Amputation of body parts is yet another form of body modification. According to an article in Body Modification Ezine magazine, “If you are into amputation from a body modification point of view, you are probably looking for one or more of the following: a personal statement, an antisocial statement, or group identification.” In an interview with a man that goes by the name of “No Hand” he stated, “It is not just the amputation that you have to be in love with, but it is the whole dynamic of being an amputee that you need to embrace.” Amputation is one of the most extreme body modifications possible. The person who wishes to receive them does most of the amputations themself. Fascination with amputation is often attributed with dysmorphophobia (the fear of deformity). This is a psychological problem in which people, which are dissatisfied with their own body, cut off parts until satisfied.

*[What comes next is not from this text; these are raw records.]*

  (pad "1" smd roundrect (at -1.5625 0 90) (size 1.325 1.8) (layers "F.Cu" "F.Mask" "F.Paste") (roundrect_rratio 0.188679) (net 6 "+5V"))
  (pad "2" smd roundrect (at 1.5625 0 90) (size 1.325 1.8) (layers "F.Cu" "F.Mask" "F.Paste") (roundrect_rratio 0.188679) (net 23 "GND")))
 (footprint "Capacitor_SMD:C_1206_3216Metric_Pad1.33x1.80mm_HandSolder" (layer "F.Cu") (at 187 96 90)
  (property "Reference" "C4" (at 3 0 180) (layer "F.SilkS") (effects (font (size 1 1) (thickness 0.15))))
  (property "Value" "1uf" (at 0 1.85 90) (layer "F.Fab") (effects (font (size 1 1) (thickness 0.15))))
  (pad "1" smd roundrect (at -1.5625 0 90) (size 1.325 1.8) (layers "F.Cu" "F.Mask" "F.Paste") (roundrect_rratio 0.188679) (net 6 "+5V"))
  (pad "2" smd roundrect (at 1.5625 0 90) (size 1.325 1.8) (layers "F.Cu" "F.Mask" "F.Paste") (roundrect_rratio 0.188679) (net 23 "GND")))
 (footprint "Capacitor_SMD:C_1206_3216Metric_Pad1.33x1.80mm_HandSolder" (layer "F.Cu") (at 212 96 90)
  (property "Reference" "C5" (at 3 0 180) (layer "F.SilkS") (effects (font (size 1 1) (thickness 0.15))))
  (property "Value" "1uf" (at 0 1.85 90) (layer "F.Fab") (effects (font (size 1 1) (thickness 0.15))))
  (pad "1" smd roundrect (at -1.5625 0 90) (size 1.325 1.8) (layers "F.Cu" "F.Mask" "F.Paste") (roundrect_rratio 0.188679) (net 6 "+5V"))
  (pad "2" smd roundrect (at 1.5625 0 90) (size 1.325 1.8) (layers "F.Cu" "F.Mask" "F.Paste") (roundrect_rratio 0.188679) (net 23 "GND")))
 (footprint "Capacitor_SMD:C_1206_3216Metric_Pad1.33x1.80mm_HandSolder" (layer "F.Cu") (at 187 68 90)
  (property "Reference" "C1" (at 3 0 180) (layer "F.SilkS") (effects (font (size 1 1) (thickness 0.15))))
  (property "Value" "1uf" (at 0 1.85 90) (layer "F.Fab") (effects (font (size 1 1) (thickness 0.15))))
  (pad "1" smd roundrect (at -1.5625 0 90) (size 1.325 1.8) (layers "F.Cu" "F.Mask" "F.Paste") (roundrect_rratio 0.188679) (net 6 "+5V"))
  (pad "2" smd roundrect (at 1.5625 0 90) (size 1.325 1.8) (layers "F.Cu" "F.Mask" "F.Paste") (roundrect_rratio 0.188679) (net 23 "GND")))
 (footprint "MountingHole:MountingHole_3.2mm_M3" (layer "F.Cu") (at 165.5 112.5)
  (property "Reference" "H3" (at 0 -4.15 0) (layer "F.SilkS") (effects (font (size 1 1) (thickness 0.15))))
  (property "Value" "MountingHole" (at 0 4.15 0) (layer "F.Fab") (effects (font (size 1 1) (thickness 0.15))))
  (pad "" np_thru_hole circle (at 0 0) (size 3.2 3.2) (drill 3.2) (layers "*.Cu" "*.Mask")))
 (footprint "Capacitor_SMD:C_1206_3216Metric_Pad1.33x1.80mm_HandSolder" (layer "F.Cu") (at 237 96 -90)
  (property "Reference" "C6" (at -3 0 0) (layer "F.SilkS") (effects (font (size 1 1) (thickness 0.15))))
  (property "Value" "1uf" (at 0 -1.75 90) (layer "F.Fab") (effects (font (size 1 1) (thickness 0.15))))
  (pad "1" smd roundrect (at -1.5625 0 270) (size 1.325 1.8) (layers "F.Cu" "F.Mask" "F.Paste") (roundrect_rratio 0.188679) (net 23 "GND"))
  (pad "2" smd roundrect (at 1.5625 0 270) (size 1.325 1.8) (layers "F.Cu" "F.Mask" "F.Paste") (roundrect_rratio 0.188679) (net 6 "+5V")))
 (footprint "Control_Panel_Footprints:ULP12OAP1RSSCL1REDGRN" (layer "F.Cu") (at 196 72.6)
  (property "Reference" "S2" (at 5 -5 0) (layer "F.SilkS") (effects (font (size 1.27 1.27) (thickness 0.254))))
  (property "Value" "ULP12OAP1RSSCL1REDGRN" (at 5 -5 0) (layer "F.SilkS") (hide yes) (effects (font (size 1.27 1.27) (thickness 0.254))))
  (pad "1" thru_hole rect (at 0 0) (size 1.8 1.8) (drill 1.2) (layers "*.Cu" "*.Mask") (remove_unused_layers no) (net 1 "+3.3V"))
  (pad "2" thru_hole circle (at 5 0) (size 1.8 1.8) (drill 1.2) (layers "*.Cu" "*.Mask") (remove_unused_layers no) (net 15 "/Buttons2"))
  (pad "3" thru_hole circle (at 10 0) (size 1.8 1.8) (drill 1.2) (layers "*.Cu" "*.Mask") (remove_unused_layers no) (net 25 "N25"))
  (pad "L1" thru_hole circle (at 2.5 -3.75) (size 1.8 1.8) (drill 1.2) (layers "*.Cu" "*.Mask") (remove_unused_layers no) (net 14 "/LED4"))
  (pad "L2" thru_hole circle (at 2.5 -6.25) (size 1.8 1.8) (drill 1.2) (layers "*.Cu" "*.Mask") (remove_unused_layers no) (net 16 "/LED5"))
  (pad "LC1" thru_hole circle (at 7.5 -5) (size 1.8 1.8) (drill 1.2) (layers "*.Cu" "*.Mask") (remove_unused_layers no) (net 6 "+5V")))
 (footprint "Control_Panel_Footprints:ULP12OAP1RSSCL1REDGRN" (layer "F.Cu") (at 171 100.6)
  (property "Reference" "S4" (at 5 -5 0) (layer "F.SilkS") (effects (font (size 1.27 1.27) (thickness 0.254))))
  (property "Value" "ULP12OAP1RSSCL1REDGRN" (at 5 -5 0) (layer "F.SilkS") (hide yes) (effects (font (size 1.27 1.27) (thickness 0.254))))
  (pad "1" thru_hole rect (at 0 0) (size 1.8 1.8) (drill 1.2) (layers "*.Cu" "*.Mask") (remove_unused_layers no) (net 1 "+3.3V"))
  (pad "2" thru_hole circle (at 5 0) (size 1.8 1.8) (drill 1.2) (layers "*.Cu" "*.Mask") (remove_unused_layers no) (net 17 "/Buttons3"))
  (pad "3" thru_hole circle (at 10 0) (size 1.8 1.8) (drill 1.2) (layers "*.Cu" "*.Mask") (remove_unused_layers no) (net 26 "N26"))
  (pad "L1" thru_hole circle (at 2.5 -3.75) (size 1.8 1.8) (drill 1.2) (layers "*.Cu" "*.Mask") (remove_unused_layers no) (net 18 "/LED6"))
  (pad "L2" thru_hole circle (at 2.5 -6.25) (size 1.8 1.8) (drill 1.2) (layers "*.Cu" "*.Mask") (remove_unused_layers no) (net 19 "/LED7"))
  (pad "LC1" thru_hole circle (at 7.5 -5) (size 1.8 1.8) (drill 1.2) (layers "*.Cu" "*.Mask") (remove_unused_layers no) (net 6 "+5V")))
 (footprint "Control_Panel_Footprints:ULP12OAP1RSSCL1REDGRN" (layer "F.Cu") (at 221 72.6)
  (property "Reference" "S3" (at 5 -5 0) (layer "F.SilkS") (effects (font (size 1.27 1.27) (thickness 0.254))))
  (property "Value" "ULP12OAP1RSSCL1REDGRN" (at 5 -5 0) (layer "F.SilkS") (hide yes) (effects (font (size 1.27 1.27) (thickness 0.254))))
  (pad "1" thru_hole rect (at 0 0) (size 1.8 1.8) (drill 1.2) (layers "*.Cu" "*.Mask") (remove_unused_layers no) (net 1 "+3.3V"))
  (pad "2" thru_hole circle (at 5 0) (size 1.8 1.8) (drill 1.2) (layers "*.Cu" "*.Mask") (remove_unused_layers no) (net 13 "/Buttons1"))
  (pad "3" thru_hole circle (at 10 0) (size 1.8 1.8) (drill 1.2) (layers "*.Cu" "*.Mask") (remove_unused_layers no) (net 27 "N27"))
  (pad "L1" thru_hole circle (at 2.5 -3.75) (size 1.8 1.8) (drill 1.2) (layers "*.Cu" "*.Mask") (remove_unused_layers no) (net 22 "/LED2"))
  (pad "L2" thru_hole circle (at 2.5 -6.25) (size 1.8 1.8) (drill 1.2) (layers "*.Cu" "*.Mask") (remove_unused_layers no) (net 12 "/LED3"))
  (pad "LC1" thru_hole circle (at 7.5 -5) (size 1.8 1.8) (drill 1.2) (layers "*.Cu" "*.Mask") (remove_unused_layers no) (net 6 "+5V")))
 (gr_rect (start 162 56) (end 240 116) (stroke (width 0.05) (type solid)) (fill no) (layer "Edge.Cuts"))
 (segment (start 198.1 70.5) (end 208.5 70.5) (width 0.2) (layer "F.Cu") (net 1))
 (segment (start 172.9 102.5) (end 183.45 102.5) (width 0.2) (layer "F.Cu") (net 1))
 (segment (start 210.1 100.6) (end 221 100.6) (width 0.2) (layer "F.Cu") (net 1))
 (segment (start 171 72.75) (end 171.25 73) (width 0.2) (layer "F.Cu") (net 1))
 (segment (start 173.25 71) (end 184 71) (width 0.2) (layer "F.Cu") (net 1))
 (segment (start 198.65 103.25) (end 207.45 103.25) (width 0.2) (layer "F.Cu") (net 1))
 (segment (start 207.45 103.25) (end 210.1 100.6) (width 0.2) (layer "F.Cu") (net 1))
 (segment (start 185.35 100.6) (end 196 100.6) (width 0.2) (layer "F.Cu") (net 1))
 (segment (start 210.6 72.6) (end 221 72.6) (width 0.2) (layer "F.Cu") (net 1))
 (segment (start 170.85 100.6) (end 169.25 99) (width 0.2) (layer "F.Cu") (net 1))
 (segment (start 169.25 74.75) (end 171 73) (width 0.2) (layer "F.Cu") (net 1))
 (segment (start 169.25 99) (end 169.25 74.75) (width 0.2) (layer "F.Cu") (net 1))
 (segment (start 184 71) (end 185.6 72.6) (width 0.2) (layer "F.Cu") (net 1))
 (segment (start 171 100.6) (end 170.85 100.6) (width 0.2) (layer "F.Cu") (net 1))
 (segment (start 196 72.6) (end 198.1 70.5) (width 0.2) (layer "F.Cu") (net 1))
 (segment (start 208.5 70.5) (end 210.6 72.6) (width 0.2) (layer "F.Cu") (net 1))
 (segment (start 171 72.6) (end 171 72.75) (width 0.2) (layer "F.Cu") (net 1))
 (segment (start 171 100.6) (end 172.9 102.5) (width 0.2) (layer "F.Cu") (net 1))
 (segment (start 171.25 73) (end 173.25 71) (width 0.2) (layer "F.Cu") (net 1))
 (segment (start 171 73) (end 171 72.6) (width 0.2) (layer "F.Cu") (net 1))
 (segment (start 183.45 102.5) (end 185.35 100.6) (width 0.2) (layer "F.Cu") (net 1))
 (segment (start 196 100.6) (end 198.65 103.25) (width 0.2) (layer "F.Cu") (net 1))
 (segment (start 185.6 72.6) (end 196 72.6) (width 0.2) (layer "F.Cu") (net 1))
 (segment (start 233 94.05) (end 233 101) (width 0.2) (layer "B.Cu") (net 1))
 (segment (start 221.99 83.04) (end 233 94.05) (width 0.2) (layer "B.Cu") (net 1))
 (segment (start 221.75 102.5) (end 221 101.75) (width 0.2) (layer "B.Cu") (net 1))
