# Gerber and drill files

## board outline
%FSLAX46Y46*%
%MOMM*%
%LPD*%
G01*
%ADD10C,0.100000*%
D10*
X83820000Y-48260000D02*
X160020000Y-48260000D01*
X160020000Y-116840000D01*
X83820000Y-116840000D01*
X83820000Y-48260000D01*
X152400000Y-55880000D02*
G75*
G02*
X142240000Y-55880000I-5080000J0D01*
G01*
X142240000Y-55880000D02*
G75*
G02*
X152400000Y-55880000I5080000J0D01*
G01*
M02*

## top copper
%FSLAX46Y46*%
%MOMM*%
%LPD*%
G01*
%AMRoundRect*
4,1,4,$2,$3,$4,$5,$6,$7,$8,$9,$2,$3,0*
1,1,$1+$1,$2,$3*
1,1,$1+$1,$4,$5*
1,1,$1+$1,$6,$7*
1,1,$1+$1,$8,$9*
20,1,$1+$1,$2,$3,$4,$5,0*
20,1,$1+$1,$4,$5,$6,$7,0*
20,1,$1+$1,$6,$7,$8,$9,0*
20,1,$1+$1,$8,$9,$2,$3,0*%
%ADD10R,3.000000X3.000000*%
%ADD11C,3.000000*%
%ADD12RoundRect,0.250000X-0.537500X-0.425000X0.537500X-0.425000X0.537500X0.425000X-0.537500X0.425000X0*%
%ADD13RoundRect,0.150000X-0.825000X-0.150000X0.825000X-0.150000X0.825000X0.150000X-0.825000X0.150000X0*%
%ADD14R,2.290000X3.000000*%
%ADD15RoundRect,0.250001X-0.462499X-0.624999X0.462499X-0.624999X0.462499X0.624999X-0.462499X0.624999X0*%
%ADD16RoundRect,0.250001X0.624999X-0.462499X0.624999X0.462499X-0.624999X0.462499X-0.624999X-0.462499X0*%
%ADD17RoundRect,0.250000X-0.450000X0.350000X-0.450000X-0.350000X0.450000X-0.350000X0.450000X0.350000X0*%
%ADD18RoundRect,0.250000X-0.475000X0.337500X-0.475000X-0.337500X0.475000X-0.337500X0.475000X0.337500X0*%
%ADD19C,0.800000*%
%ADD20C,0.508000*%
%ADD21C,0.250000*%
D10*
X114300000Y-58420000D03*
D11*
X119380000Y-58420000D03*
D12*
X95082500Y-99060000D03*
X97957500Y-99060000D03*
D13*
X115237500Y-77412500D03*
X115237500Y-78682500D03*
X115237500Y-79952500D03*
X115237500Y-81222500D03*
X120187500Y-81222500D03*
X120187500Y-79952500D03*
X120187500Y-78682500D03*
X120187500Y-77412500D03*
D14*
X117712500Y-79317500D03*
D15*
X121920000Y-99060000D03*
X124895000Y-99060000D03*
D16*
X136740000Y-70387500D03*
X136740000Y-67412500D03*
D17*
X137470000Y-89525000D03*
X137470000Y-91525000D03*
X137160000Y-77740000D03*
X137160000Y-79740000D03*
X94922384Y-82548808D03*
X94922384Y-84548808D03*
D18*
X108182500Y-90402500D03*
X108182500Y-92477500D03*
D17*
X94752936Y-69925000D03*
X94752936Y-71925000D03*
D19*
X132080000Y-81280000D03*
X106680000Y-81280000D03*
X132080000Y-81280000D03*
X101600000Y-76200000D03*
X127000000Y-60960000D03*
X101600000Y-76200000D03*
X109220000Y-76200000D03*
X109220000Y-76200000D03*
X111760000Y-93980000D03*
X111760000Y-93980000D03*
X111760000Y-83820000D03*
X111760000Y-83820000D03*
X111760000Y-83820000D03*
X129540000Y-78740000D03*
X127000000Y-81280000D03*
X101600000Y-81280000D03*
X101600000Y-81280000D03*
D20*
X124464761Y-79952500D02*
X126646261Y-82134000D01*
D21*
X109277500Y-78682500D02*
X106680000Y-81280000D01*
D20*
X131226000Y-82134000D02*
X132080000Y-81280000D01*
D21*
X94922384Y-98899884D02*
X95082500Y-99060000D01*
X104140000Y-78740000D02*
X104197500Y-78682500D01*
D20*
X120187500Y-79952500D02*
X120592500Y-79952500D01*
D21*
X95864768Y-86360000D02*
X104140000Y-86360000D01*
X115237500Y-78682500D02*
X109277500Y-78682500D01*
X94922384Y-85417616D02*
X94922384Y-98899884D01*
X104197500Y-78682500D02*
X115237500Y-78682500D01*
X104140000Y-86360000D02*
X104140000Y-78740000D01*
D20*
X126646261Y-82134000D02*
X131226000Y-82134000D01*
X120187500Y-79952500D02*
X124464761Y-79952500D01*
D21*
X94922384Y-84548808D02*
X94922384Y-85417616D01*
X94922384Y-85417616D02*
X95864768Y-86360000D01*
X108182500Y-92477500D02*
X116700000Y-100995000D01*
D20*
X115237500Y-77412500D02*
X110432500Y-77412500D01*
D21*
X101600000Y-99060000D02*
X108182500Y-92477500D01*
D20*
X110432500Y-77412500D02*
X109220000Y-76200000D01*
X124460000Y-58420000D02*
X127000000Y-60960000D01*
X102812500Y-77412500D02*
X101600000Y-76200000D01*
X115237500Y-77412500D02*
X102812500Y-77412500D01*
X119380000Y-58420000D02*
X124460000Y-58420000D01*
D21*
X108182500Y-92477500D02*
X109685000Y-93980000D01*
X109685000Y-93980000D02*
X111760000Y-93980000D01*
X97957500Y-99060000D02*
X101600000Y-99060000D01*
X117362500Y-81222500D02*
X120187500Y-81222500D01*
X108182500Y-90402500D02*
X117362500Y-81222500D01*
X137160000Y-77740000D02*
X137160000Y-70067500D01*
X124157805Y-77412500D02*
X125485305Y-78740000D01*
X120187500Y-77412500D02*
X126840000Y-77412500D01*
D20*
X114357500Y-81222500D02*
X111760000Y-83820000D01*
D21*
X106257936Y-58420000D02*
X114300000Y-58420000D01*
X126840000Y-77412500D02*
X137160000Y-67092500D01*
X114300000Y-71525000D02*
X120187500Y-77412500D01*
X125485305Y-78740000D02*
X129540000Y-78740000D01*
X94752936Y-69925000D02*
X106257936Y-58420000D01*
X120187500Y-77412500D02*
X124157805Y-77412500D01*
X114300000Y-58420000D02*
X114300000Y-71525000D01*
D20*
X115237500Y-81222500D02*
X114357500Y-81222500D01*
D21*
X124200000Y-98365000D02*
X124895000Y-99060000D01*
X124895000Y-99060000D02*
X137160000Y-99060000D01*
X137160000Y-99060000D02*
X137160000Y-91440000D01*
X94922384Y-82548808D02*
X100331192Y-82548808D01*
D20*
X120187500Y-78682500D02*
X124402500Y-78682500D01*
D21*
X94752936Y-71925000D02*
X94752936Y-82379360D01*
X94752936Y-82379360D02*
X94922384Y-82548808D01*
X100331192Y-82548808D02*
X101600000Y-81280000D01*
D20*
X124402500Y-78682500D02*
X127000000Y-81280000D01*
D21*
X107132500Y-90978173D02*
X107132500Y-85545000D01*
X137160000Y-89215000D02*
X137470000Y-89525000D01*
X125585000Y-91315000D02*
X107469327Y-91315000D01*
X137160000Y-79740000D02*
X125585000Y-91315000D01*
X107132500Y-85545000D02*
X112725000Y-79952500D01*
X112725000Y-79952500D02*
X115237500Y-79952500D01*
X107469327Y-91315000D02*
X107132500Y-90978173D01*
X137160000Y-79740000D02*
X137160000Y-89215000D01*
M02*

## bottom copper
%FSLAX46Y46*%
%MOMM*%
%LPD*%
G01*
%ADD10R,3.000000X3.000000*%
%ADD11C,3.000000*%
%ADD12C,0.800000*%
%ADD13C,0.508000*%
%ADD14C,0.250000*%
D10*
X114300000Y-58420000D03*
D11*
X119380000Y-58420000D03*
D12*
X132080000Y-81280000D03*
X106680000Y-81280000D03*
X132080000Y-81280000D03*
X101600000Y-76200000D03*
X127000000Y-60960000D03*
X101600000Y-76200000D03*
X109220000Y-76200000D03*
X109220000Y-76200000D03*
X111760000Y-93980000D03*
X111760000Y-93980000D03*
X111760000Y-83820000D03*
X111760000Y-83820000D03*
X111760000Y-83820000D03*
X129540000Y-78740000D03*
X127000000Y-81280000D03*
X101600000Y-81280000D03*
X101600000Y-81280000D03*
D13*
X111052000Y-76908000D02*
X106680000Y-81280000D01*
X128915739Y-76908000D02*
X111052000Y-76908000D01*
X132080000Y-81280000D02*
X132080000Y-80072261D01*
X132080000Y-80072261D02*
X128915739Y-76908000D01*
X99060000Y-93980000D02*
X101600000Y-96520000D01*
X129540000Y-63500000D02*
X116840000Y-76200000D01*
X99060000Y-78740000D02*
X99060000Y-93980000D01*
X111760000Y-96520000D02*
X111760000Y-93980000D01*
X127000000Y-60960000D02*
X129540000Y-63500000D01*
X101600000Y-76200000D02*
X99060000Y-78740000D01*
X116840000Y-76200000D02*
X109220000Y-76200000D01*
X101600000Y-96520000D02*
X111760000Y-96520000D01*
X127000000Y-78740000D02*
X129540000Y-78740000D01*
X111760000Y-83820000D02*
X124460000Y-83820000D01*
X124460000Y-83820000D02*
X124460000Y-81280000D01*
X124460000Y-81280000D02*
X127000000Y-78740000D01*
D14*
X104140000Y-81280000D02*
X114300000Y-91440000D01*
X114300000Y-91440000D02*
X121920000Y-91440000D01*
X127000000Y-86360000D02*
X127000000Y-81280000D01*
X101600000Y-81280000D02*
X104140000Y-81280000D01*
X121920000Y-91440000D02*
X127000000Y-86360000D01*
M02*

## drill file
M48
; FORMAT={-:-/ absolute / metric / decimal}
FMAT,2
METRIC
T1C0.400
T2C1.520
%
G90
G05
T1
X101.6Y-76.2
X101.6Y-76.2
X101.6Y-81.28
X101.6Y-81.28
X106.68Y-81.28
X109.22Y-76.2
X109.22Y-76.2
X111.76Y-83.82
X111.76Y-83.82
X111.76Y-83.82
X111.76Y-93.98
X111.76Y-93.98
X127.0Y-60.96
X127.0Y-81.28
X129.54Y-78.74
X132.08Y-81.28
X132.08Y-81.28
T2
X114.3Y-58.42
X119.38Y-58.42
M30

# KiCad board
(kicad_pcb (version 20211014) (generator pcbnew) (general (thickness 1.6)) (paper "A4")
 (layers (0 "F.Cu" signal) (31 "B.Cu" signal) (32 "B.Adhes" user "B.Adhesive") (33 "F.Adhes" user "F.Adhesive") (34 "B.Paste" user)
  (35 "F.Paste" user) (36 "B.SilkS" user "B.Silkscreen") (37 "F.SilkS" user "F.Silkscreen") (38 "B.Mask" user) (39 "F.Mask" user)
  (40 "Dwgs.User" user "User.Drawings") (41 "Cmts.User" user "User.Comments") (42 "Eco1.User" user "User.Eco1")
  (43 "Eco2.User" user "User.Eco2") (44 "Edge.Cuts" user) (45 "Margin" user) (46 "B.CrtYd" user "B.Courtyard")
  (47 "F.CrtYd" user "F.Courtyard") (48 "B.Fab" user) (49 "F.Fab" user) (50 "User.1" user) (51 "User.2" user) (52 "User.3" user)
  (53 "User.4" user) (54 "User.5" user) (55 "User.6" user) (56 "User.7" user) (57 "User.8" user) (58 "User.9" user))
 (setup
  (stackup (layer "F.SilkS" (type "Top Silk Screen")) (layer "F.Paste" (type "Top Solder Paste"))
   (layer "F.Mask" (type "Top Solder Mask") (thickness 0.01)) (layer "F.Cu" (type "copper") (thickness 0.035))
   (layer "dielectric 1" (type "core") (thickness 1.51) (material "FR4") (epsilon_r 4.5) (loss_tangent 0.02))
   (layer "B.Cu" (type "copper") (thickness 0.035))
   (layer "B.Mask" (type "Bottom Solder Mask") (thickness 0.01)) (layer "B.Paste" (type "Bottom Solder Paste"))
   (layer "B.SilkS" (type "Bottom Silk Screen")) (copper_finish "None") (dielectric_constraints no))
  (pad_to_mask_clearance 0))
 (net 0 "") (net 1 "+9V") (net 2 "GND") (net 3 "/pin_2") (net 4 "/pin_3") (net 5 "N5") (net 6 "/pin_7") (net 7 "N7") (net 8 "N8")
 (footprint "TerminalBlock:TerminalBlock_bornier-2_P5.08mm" (layer "F.Cu") (at 114.3 58.42)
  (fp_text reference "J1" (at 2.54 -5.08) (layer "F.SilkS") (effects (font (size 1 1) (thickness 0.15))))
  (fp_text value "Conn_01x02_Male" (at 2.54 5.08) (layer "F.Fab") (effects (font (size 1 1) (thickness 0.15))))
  (pad "1" thru_hole rect (at 0 0) (size 3 3) (drill 1.52) (layers *.Cu *.Mask) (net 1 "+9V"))
  (pad "2" thru_hole circle (at 5.08 0) (size 3 3) (drill 1.52) (layers *.Cu *.Mask) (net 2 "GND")))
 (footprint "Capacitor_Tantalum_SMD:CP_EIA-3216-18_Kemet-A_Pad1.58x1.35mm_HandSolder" (layer "F.Cu") (at 96.52 99.06)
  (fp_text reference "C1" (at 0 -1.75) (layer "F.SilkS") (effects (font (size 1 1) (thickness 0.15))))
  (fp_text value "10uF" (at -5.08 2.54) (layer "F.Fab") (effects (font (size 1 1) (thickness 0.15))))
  (pad "1" smd roundrect (at -1.4375 0) (size 1.575 1.35) (layers "F.Cu" "F.Paste" "F.Mask") (roundrect_rratio 0.185185) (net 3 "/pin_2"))
  (pad "2" smd roundrect (at 1.4375 0) (size 1.575 1.35) (layers "F.Cu" "F.Paste" "F.Mask") (roundrect_rratio 0.185185) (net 2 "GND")))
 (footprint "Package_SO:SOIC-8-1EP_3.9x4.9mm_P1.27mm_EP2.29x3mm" (layer "F.Cu") (at 117.7125 79.3175)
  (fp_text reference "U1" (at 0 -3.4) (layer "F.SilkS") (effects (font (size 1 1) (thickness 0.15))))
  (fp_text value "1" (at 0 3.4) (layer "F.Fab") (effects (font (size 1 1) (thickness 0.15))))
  (pad "" smd roundrect (at 0.57 0.75) (size 0.92 1.21) (layers "F.Paste") (roundrect_rratio 0.25))
  (pad "" smd roundrect (at -0.57 -0.75) (size 0.92 1.21) (layers "F.Paste") (roundrect_rratio 0.25))
  (pad "" smd roundrect (at -0.57 0.75) (size 0.92 1.21) (layers "F.Paste") (roundrect_rratio 0.25))
  (pad "" smd roundrect (at 0.57 -0.75) (size 0.92 1.21) (layers "F.Paste") (roundrect_rratio 0.25))
  (pad "1" smd roundrect (at -2.475 -1.905) (size 1.95 0.6) (layers "F.Cu" "F.Paste" "F.Mask") (roundrect_rratio 0.25) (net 2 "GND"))
  (pad "2" smd roundrect (at -2.475 -0.635) (size 1.95 0.6) (layers "F.Cu" "F.Paste" "F.Mask") (roundrect_rratio 0.25) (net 3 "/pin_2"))
  (pad "3" smd roundrect (at -2.475 0.635) (size 1.95 0.6) (layers "F.Cu" "F.Paste" "F.Mask") (roundrect_rratio 0.25) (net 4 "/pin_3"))
  (pad "4" smd roundrect (at -2.475 1.905) (size 1.95 0.6) (layers "F.Cu" "F.Paste" "F.Mask") (roundrect_rratio 0.25) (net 1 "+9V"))
  (pad "5" smd roundrect (at 2.475 1.905) (size 1.95 0.6) (layers "F.Cu" "F.Paste" "F.Mask") (roundrect_rratio 0.25) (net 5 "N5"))
  (pad "6" smd roundrect (at 2.475 0.635) (size 1.95 0.6) (layers "F.Cu" "F.Paste" "F.Mask") (roundrect_rratio 0.25) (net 3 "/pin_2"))
  (pad "7" smd roundrect (at 2.475 -0.635) (size 1.95 0.6) (layers "F.Cu" "F.Paste" "F.Mask") (roundrect_rratio 0.25) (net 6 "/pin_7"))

In conclusion, people today, primarily in there teens and twenties, are primarily looking to distinguish themselves from the uniformity of modern society. Body modification is the tool that these young adults use to express their individuality. However, as body modification becomes more popular, it becomes contradicting. The youth of modern society are using tribal customs to express diversity but in actuality are forming monotony within their own social group.